The definition that seems more frequent is:

significant figures: number of figures carrying on precision.

It is easy to see that in the number $1000$ zeros are non-significant figures unless we specify it as $1000.$. It is also clear that $0010.$ is two significant figures. 
Here it comes when definition shows unuseful (at least to me), because leading zeros as well as non zero numbers talk about precision. For example $0.0017$ and $0.1217$ are same precision. They indicate the measuring instrument can detect variations in the ten-thousands.
If not, please explain how. That's the specific problem. I beg you answer with concrete examples.

The most interesting site I've read is this , and I understand how significant figures work, but the previous problem remains.
 A: Let's try an actual example.
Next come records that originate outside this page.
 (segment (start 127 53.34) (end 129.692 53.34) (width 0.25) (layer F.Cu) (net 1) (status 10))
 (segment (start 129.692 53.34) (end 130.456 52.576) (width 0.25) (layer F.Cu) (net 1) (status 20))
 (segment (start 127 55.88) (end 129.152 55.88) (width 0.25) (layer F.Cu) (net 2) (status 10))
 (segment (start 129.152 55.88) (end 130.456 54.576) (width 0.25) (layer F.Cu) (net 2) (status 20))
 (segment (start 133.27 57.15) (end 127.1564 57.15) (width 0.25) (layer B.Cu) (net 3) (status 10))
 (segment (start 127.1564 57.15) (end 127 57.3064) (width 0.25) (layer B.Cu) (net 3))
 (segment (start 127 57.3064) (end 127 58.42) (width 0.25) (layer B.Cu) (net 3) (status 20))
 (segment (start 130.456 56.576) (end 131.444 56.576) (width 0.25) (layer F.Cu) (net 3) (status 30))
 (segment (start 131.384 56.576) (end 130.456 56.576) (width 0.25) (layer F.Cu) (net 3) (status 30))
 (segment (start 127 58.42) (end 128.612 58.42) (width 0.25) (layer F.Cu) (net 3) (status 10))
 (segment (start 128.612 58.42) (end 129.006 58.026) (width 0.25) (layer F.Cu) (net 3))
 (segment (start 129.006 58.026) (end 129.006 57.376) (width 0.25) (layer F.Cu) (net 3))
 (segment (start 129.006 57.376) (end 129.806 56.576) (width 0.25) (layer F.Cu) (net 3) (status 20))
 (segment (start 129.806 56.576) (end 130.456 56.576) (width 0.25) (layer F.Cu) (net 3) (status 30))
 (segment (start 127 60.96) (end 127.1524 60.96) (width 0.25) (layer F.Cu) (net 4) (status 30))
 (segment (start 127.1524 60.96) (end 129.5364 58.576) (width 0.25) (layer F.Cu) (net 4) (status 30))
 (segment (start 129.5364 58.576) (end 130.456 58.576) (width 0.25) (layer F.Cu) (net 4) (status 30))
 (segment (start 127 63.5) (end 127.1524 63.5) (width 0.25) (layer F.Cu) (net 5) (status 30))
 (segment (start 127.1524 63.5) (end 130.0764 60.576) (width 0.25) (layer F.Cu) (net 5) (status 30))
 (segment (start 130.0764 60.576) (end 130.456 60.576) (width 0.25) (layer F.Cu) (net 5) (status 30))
Suppose you have a pile of sand that weighs $0.1217$ on your scale. The sand is a mixture of white and red grains. Your boss asks you to determine what percentage (by weight) 
of the sand is red.
About how accurate will your answer be? Will you be able to measure the proportion of red sand in tenths of a percent?
The next sample of sand weighs only $0.0017$ on your scale. Again it has white and red grains and your boss wants to know the percentage of red grains by weight.
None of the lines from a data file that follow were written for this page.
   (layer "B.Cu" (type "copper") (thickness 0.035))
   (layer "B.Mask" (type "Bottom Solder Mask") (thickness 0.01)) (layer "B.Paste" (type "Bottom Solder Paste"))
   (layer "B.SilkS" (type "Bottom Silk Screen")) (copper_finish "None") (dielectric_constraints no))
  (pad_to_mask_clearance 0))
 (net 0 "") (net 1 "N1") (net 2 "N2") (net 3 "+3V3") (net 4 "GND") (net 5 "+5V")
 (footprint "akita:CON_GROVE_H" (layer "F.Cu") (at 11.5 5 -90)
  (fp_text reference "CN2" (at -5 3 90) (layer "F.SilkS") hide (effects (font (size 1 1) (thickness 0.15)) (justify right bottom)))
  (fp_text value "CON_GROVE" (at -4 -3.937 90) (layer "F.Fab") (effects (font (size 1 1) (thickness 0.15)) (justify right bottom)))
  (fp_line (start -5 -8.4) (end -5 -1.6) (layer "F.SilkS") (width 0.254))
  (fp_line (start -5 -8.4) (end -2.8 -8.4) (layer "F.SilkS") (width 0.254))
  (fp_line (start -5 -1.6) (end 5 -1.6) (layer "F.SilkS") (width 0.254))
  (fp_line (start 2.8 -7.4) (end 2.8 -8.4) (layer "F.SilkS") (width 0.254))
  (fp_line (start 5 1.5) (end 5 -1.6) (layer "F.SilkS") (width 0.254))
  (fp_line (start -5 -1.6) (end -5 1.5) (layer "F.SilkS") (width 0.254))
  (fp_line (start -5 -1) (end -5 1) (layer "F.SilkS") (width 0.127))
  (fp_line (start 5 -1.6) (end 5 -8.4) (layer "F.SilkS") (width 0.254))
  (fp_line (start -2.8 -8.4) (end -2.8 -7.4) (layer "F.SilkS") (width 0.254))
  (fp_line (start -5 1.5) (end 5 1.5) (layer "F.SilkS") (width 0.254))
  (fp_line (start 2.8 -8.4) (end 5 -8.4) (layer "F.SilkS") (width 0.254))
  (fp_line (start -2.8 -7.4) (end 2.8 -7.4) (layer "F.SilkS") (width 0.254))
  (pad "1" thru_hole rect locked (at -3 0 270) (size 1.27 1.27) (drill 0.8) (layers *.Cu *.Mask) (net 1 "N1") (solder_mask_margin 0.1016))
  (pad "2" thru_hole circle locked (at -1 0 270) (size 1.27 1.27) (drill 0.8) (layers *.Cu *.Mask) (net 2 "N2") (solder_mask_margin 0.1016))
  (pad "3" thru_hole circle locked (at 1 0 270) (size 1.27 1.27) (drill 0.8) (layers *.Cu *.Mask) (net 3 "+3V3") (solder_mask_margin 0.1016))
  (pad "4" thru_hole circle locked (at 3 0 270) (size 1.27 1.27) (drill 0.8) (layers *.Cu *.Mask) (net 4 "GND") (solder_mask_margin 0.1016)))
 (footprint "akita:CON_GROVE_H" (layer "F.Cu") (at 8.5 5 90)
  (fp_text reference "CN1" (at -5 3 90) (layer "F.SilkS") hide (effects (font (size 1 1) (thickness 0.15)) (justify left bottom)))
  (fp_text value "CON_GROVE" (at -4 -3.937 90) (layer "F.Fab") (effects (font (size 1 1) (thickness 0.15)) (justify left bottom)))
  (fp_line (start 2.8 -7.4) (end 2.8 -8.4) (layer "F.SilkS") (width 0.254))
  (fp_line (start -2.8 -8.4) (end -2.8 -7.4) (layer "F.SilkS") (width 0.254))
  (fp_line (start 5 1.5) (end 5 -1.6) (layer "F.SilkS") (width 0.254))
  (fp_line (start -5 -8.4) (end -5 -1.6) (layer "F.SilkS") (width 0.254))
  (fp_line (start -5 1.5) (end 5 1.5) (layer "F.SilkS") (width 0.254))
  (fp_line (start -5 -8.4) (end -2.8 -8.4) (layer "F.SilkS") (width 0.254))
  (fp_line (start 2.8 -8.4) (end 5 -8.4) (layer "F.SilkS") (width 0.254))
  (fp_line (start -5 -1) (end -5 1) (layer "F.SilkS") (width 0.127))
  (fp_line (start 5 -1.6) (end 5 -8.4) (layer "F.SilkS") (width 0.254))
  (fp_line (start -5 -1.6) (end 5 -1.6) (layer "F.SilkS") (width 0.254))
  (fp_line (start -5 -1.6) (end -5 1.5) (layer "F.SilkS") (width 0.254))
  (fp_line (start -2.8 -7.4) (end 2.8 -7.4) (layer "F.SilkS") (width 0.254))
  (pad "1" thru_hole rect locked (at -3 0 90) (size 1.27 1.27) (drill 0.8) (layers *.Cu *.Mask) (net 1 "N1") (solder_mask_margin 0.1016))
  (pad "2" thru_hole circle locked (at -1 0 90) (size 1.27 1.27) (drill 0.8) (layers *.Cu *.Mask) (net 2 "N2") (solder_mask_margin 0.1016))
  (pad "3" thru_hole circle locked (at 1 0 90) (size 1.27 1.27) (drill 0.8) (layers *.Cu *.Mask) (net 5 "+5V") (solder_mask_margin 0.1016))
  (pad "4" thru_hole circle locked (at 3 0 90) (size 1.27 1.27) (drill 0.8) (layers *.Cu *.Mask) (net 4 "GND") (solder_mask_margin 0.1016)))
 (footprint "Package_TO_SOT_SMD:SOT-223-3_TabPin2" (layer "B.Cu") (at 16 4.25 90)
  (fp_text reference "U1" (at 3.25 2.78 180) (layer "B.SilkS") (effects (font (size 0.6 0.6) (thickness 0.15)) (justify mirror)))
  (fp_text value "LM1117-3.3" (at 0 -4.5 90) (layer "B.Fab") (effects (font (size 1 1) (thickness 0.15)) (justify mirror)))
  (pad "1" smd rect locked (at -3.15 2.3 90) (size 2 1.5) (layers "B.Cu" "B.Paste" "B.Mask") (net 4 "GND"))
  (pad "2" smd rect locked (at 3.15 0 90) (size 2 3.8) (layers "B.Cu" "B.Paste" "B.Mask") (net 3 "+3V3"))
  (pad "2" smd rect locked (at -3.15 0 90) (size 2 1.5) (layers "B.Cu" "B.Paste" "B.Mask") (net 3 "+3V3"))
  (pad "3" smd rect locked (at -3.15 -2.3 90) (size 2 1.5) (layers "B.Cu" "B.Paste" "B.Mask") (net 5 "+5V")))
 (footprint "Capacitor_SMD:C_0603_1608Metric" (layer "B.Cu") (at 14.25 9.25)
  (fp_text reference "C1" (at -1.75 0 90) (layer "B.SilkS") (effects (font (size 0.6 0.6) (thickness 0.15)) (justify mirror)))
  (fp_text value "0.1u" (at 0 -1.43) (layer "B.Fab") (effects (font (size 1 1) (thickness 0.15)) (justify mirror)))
Now how accurate will your answer be?
It is sometimes true in practice that it doesn't matter that a particular measurement has few digits of precision, because the only use for that measurement is to add it to a much larger measurement. Then only the absolute precision of both measurements matters. But the reason significant figures are so often used is that we are very often multiplying or dividing numbers.
If you write every number in standard scientific notation, even the ordinary numbers such as $10$ or $0.1$ that do not seem to need this notation,
then you will get a better idea of significant digits.
In scientific notation, all the digits in the mantissa are significant, because we never write leading zeros and we never write more digits than the accuracy of measurement justifies.
For example, $0.1$ is $1 \times 10^{-1}.$ The mantissa then is $1$ -- one significant digit.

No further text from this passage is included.